The success of this campaign has seen other companies adopt it as well as PepsiCo using the same competition rolled out in other countries.
Starbucks — White cup contest / My Starbucks idea
Starbucks is a innovative company that has used Crowdsourcing effectively and on numerous occasions. The two times that stand out are their White Cup Contest back in 2014 and their “My Starbucks Idea”
Baristas started noticing that Starbucks’ signature white cups were serving as blank canvases for designers and artists to scribble some sketches, so the idea to start a campaign around these simple designs was born. And in the spring of 2014, the White Cup Contest was born.
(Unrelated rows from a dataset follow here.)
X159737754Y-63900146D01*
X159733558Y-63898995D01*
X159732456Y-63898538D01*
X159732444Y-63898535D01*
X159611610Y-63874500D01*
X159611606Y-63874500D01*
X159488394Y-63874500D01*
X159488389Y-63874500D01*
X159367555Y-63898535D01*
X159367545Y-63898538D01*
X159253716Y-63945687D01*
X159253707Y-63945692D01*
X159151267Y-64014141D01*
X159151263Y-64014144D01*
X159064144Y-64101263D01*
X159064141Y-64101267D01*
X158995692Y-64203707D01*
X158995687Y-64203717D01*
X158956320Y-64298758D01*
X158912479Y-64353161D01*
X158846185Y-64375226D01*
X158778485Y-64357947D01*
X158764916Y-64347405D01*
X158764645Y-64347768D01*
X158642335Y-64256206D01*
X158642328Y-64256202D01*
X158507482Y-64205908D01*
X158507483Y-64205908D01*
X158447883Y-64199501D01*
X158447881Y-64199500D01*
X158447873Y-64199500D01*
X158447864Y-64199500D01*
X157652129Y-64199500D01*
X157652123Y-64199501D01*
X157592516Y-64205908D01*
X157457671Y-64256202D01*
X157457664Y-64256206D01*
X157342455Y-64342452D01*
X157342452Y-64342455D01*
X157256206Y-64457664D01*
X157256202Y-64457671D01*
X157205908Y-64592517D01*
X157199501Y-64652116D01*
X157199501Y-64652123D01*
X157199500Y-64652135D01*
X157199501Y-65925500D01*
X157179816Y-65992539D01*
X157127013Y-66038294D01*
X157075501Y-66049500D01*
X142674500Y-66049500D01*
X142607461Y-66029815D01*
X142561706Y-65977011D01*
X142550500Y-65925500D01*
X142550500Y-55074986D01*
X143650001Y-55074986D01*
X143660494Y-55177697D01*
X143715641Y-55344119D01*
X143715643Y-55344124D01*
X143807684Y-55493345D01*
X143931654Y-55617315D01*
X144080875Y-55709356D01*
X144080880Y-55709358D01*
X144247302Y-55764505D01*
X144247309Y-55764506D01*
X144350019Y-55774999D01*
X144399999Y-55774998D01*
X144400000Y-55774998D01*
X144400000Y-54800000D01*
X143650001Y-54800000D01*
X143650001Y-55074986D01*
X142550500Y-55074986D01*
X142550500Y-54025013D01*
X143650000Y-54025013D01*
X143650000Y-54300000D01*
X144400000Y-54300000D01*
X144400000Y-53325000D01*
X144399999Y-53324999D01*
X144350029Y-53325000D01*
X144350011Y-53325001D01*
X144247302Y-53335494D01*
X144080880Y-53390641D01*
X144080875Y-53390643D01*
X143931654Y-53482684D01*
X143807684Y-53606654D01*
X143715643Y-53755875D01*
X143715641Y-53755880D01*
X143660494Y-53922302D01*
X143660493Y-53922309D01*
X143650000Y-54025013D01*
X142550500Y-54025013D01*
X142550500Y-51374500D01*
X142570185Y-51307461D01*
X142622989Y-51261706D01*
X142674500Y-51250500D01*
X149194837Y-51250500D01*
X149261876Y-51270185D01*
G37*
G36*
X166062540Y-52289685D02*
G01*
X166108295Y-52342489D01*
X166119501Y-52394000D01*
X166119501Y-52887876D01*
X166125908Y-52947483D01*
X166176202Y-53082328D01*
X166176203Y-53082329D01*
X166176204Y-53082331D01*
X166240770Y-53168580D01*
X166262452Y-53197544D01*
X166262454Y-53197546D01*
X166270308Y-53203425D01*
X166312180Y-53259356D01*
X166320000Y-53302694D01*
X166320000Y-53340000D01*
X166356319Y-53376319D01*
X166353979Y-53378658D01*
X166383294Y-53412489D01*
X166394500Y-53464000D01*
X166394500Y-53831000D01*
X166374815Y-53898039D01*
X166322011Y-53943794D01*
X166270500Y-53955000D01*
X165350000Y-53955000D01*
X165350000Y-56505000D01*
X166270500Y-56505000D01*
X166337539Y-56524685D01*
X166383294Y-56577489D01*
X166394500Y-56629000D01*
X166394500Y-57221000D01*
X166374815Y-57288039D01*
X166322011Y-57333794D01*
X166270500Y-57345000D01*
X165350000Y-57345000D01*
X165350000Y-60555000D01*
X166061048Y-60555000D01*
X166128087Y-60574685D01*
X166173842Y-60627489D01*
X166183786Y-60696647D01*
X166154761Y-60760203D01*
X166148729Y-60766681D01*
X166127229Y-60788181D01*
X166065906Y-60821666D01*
Customers were encouraged to decorate their Starbucks cup with an original design, take a photo, and submit it on social media with the hashtag #WhiteCupContest. Over the course of a few months, nearly 4,000 unique submissions were received. The winning design was submitted by Pittsburgh art student Brita Lynn Thompson, and her image was then used on the limited edition reusable cup for 2014. This was a genius move, because Starbucks created a reusable cup that was available for purchase to their customers. As an incentive to reduce waste, the customers received a 10 cent discount each time you used the cup. This is all a part of the company’s continued efforts to encourage customers to go green and prioritize environmentally-friendly products, and it was a great way to integrate itself in the community by shining the light on new artists.
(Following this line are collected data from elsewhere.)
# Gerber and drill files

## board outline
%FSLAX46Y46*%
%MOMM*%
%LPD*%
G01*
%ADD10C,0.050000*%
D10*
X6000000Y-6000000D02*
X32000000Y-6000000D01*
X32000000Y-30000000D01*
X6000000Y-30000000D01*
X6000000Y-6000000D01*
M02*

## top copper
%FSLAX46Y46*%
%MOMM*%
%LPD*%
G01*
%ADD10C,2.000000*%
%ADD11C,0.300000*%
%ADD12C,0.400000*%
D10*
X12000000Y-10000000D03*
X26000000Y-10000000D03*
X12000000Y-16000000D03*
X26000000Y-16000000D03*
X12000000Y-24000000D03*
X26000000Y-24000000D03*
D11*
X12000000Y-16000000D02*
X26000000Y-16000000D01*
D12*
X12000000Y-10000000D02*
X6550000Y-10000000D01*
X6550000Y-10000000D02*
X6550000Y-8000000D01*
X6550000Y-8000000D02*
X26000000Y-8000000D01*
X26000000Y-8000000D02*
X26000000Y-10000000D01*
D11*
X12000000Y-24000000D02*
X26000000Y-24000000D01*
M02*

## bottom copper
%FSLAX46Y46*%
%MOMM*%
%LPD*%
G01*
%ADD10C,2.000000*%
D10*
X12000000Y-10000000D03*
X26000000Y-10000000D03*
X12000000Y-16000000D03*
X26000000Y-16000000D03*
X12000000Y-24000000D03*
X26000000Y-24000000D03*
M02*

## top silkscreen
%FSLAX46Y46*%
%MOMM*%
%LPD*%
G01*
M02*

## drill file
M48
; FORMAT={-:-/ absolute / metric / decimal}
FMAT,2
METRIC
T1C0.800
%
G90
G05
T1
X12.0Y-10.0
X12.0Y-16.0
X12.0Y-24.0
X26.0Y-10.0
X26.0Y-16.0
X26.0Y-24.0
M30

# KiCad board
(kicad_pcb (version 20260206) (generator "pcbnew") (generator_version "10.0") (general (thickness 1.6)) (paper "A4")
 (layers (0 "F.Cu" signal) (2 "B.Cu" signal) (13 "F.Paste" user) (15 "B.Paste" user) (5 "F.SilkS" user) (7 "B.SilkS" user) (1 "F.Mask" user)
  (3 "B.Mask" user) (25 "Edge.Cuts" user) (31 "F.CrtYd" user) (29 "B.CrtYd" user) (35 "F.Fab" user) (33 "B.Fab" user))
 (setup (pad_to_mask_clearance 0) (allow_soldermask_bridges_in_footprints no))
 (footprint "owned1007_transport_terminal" (layer "F.Cu") (at 12 10)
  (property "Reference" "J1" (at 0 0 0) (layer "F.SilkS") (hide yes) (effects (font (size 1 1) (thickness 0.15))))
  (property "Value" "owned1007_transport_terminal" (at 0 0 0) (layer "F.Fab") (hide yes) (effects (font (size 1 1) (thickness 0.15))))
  (pad "1" thru_hole circle (at 0 0) (size 2 2) (drill 0.8) (layers "*.Cu" "*.Mask") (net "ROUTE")))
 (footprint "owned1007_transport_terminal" (layer "F.Cu") (at 26 10)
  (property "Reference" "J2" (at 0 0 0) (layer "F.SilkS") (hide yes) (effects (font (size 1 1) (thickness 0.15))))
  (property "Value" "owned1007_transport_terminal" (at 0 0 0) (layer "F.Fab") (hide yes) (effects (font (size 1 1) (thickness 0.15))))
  (pad "1" thru_hole circle (at 0 0) (size 2 2) (drill 0.8) (layers "*.Cu" "*.Mask") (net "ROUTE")))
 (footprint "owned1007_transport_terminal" (layer "F.Cu") (at 12 16)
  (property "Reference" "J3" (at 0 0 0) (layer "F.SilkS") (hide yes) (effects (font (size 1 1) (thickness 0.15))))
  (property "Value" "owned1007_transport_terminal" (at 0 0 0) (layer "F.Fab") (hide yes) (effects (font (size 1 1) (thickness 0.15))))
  (pad "1" thru_hole circle (at 0 0) (size 2 2) (drill 0.8) (layers "*.Cu" "*.Mask") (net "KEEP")))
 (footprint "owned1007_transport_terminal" (layer "F.Cu") (at 26 16)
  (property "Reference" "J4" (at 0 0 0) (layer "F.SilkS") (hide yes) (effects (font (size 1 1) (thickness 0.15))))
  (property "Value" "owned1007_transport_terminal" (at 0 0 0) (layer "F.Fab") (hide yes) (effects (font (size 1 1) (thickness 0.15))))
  (pad "1" thru_hole circle (at 0 0) (size 2 2) (drill 0.8) (layers "*.Cu" "*.Mask") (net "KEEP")))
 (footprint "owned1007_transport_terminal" (layer "F.Cu") (at 12 24)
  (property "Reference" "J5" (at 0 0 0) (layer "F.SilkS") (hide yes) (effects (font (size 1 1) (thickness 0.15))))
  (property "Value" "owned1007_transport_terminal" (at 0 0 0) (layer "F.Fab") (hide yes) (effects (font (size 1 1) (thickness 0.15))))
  (pad "1" thru_hole circle (at 0 0) (size 2 2) (drill 0.8) (layers "*.Cu" "*.Mask") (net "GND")))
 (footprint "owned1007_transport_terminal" (layer "F.Cu") (at 26 24)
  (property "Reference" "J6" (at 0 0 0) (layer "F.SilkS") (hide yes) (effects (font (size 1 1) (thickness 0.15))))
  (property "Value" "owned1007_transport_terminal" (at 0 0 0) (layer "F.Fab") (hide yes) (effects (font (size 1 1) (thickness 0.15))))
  (pad "1" thru_hole circle (at 0 0) (size 2 2) (drill 0.8) (layers "*.Cu" "*.Mask") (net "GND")))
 (gr_rect (start 6 6) (end 32 30) (stroke (width 0.05) (type default)) (fill none) (layer "Edge.Cuts"))
 (segment (start 12 16) (end 26 16) (width 0.3) (layer "F.Cu") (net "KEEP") (locked yes))
 (segment (start 12 10) (end 6.55 10) (width 0.4) (layer "F.Cu") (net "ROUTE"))
 (segment (start 6.55 10) (end 6.55 8) (width 0.4) (layer "F.Cu") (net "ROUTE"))
 (segment (start 6.55 8) (end 26 8) (width 0.4) (layer "F.Cu") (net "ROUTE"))
 (segment (start 26 8) (end 26 10) (width 0.4) (layer "F.Cu") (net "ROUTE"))
 (segment (start 12 24) (end 26 24) (width 0.3) (layer "F.Cu") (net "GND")))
Howard Schultz launched “My Starbucks Idea” back in 2008 to help increase the company’s focus on the customer and what they want. The company strives to emulate the coffee shop barista experience online by engaging with customers and building relationships. On My Starbucks Idea, Starbucks gives customers insight into what the company is doing and makes them feel like an insider. My Starbucks Idea has had tremendous success and has been the source of ideas such as Cake Pops, Hazelnut Macchiato, and free Wi-Fi to name a few. At the five-year anniversary of the site launch (2013), My Starbucks Idea had generated more than 150,000 ideas and the company had implemented 277 of those ideas. To this day, you can submit your idea to Starbucks!
Lego — LEGO Ideas
LEGO has created an online community of nearly one million members and is using crowdsourcing both to select new product ideas and provide their most loyal supporters an outlet to share their creations.
In recent years the company launched its Lego Ideas Platform which is giving its biggest fans a say in the future of their play. The Ideas Platform allows users to join an online community of nearly one million fans. After becoming a member of the community, users can submit their own ideas. They can also choose to vote for ideas that have been posted by other community members. If an idea receives over 10,000 supporters, it is assessed by the Lego Review Board and may be produced into a real Lego set to be sold to the public.
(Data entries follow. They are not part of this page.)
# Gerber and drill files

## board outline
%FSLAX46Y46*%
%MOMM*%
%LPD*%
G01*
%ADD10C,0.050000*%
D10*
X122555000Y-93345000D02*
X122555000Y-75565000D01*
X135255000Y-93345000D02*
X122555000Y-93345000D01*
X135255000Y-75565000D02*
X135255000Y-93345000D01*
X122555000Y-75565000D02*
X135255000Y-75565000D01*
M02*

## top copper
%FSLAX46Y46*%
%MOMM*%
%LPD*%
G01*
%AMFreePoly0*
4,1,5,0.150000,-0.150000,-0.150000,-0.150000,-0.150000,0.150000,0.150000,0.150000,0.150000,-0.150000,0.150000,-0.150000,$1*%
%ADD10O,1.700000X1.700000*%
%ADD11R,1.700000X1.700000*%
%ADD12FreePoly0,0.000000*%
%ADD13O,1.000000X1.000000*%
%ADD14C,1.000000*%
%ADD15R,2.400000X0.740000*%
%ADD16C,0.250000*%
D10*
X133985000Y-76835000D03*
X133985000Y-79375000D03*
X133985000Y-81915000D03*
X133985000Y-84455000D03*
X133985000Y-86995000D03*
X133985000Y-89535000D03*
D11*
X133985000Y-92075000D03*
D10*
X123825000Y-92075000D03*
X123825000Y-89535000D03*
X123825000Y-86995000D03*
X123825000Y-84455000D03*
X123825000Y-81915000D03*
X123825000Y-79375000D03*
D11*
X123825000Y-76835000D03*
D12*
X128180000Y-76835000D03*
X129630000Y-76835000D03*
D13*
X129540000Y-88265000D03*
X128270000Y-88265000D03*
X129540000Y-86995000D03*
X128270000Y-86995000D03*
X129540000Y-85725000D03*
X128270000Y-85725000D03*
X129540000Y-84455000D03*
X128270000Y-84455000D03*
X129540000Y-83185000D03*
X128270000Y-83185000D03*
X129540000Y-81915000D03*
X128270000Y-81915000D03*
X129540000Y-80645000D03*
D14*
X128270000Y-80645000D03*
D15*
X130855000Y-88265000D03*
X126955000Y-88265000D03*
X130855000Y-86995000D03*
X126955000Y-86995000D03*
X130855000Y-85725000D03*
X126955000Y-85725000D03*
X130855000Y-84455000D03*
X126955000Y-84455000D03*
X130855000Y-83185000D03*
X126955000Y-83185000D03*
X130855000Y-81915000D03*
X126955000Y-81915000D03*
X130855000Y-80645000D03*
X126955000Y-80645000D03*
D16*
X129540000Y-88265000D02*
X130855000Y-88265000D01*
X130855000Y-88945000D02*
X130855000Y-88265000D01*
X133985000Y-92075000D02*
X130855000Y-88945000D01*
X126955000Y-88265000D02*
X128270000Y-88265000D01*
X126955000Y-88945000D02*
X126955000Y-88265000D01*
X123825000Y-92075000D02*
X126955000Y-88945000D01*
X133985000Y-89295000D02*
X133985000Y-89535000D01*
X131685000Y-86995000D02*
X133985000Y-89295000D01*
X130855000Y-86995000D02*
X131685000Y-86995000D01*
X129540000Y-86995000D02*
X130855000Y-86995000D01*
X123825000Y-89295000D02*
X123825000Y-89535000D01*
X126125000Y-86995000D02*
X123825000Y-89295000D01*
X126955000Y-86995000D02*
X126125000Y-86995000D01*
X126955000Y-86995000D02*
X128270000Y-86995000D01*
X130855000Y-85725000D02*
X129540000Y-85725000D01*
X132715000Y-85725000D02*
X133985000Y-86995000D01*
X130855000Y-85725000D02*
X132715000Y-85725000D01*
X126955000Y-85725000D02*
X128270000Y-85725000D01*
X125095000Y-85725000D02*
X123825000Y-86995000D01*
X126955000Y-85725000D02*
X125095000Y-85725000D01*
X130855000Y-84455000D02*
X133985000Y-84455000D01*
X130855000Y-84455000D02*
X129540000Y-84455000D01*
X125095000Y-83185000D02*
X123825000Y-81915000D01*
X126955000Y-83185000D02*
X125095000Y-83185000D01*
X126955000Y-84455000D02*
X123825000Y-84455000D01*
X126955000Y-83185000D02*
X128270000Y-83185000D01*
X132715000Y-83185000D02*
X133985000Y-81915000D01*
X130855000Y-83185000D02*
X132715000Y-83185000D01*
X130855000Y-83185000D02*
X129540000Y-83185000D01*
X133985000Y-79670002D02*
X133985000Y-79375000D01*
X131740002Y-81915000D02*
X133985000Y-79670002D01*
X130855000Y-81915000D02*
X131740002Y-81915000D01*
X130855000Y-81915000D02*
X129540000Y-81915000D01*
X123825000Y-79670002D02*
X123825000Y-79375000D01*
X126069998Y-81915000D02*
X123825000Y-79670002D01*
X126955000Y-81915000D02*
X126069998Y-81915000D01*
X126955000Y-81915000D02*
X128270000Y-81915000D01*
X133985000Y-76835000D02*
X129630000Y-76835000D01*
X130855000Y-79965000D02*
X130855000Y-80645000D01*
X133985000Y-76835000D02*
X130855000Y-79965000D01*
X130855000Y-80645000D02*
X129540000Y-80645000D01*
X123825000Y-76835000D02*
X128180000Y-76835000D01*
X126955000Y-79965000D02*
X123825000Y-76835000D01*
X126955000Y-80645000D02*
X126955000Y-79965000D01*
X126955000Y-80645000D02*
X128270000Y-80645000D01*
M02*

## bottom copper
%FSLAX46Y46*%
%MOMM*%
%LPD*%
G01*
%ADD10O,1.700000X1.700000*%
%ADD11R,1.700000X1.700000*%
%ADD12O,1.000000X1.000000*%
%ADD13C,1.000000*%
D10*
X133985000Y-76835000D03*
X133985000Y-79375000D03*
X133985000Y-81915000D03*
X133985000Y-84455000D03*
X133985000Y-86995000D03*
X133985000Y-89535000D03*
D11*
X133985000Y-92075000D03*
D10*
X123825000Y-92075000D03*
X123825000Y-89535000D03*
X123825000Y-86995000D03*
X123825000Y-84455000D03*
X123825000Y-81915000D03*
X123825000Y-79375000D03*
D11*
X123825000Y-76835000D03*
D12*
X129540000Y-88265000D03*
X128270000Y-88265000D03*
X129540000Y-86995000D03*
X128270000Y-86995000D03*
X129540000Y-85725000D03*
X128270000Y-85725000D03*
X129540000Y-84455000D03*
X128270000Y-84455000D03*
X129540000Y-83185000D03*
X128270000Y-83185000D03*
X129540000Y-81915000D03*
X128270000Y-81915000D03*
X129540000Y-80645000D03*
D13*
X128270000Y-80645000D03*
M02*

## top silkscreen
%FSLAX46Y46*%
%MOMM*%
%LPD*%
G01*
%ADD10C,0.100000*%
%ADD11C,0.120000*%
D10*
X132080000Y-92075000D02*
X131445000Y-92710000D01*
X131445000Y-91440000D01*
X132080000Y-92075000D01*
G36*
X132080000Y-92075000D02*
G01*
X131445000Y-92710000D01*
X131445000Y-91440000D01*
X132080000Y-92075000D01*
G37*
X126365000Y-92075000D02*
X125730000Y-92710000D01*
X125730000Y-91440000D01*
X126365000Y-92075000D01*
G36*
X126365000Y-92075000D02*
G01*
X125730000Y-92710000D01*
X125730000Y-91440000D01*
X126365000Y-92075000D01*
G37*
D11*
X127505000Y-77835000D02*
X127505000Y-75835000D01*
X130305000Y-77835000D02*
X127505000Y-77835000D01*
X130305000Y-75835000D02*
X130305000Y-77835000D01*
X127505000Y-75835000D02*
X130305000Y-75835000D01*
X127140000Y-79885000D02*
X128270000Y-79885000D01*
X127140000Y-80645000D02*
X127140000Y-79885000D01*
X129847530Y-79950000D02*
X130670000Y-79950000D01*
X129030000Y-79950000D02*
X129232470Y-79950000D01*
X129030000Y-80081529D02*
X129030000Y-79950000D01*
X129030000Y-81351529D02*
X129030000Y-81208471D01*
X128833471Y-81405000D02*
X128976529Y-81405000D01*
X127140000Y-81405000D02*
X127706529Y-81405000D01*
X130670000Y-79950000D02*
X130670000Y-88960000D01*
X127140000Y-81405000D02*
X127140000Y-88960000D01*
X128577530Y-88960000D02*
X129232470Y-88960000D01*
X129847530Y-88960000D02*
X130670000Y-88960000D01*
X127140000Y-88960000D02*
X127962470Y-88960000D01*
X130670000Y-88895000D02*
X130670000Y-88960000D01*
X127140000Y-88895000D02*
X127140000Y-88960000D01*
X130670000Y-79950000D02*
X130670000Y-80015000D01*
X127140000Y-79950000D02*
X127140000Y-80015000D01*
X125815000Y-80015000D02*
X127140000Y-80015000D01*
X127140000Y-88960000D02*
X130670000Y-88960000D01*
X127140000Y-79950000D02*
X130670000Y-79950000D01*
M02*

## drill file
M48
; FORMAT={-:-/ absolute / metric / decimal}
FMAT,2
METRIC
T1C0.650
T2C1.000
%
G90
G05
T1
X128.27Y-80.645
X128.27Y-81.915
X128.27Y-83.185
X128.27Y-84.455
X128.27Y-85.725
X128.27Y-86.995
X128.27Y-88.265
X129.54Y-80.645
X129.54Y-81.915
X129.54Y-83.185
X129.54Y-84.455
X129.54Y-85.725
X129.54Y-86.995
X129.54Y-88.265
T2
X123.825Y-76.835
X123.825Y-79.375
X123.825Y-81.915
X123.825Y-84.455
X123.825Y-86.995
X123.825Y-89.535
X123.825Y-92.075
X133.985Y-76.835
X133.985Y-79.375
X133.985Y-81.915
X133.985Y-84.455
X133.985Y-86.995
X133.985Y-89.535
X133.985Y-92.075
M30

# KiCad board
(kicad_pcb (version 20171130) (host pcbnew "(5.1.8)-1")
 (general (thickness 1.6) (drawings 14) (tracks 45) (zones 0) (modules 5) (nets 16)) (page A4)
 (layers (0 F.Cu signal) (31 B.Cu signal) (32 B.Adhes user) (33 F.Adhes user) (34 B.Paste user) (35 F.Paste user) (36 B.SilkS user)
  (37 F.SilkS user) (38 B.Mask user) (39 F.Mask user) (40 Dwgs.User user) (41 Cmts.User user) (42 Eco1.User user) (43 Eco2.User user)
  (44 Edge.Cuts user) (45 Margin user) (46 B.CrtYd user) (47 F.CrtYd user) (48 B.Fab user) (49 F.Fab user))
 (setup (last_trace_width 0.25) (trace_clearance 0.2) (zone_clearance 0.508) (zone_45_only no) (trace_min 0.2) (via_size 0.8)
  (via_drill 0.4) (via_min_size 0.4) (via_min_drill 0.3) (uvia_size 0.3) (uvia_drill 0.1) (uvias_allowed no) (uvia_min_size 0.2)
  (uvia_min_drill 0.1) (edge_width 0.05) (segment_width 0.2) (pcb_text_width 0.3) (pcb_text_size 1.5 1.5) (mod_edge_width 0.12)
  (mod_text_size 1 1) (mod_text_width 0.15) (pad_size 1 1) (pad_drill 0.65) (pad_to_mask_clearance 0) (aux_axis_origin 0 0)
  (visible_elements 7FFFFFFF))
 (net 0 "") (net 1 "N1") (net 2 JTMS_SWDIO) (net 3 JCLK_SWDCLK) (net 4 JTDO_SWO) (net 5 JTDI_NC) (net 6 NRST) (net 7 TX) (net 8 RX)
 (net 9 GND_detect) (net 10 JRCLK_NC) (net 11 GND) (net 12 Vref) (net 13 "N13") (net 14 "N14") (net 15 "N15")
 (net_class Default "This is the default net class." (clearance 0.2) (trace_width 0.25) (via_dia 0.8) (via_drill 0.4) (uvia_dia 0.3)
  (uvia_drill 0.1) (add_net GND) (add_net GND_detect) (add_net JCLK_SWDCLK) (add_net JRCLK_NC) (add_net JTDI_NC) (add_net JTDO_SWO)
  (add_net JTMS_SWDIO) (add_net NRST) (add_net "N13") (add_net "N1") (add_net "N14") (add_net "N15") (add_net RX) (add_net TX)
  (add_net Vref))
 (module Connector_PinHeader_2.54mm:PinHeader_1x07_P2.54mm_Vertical (layer B.Cu) (at 133.985 92.075)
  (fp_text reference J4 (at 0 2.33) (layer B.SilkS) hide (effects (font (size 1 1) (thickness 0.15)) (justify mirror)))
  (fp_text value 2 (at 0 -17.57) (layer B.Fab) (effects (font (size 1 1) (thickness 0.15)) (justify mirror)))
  (pad 7 thru_hole oval (at 0 -15.24) (size 1.7 1.7) (drill 1) (layers *.Cu *.Mask) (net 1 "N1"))
  (pad 6 thru_hole oval (at 0 -12.7) (size 1.7 1.7) (drill 1) (layers *.Cu *.Mask) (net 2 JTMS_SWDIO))
  (pad 5 thru_hole oval (at 0 -10.16) (size 1.7 1.7) (drill 1) (layers *.Cu *.Mask) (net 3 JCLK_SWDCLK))
  (pad 4 thru_hole oval (at 0 -7.62) (size 1.7 1.7) (drill 1) (layers *.Cu *.Mask) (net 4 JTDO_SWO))
  (pad 3 thru_hole oval (at 0 -5.08) (size 1.7 1.7) (drill 1) (layers *.Cu *.Mask) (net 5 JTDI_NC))
  (pad 2 thru_hole oval (at 0 -2.54) (size 1.7 1.7) (drill 1) (layers *.Cu *.Mask) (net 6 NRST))
  (pad 1 thru_hole rect (at 0 0) (size 1.7 1.7) (drill 1) (layers *.Cu *.Mask) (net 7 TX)))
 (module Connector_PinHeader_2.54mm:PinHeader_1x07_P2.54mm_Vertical (layer B.Cu) (at 123.825 76.835 180)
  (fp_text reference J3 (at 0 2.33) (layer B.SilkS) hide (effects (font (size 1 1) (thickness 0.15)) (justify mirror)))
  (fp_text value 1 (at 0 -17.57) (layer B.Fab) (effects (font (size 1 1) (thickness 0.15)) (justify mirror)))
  (pad 7 thru_hole oval (at 0 -15.24 180) (size 1.7 1.7) (drill 1) (layers *.Cu *.Mask) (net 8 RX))
  (pad 6 thru_hole oval (at 0 -12.7 180) (size 1.7 1.7) (drill 1) (layers *.Cu *.Mask) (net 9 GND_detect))
  (pad 5 thru_hole oval (at 0 -10.16 180) (size 1.7 1.7) (drill 1) (layers *.Cu *.Mask) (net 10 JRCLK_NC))
  (pad 4 thru_hole oval (at 0 -7.62 180) (size 1.7 1.7) (drill 1) (layers *.Cu *.Mask) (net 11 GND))
  (pad 3 thru_hole oval (at 0 -5.08 180) (size 1.7 1.7) (drill 1) (layers *.Cu *.Mask) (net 11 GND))
  (pad 2 thru_hole oval (at 0 -2.54 180) (size 1.7 1.7) (drill 1) (layers *.Cu *.Mask) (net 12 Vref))
  (pad 1 thru_hole rect (at 0 0 180) (size 1.7 1.7) (drill 1) (layers *.Cu *.Mask) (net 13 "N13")))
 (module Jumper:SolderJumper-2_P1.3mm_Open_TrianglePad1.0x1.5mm (layer F.Cu) (at 128.905 76.835)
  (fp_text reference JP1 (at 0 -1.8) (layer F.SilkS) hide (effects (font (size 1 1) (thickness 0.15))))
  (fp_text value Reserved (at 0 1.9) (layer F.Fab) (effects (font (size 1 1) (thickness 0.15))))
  (fp_line (start -1.4 1) (end -1.4 -1) (layer F.SilkS) (width 0.12))
  (fp_line (start 1.4 1) (end -1.4 1) (layer F.SilkS) (width 0.12))
  (fp_line (start 1.4 -1) (end 1.4 1) (layer F.SilkS) (width 0.12))
  (fp_line (start -1.4 -1) (end 1.4 -1) (layer F.SilkS) (width 0.12))
  (pad 1 smd custom (at -0.725 0) (size 0.3 0.3) (layers F.Cu F.Mask) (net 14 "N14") (zone_connect 2)
   (options (clearance outline) (anchor rect)) (primitives))
  (pad 2 smd custom (at 0.725 0) (size 0.3 0.3) (layers F.Cu F.Mask) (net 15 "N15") (zone_connect 2)
   (options (clearance outline) (anchor rect)) (primitives)))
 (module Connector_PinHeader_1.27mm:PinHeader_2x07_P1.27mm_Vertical (layer F.Cu) (at 128.27 80.645)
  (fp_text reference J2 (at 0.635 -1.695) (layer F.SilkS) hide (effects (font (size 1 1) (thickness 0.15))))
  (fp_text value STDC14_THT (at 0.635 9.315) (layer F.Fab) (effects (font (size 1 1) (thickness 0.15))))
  (fp_line (start -1.13 -0.76) (end 0 -0.76) (layer F.SilkS) (width 0.12))
  (fp_line (start -1.13 0) (end -1.13 -0.76) (layer F.SilkS) (width 0.12))
  (fp_line (start 1.57753 -0.695) (end 2.4 -0.695) (layer F.SilkS) (width 0.12))
  (fp_line (start 0.76 -0.695) (end 0.96247 -0.695) (layer F.SilkS) (width 0.12))
  (fp_line (start 0.76 -0.563471) (end 0.76 -0.695) (layer F.SilkS) (width 0.12))
  (fp_line (start 0.76 0.706529) (end 0.76 0.563471) (layer F.SilkS) (width 0.12))
  (fp_line (start 0.563471 0.76) (end 0.706529 0.76) (layer F.SilkS) (width 0.12))
  (fp_line (start -1.13 0.76) (end -0.563471 0.76) (layer F.SilkS) (width 0.12))
  (fp_line (start 2.4 -0.695) (end 2.4 8.315) (layer F.SilkS) (width 0.12))
  (fp_line (start -1.13 0.76) (end -1.13 8.315) (layer F.SilkS) (width 0.12))
  (fp_line (start 0.30753 8.315) (end 0.96247 8.315) (layer F.SilkS) (width 0.12))
  (fp_line (start 1.57753 8.315) (end 2.4 8.315) (layer F.SilkS) (width 0.12))
  (fp_line (start -1.13 8.315) (end -0.30753 8.315) (layer F.SilkS) (width 0.12))
  (pad 14 thru_hole oval (at 1.27 7.62) (size 1 1) (drill 0.65) (layers *.Cu *.Mask) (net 7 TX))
Lego incentives participation by giving the creator 1% of the royalties on worldwide sales of their design. In addition to being identified in the set materials as the product’s creator. The LEGO Group achieved nearly $6B of revenue in 2017 (up nearly 40% since 2013), showing that Crowdsourcing can reignite a love for a brand as the consumer makes it his / her own.
Crowdsourcing has huge potential, not just for large corporations, but for new innovative startups that have the ability to pivot and match niches for rapid growth. We are looking to be the innovation, co-creation platform for all startups to grow, flourish and involve the crowd. We are stronger in numbers.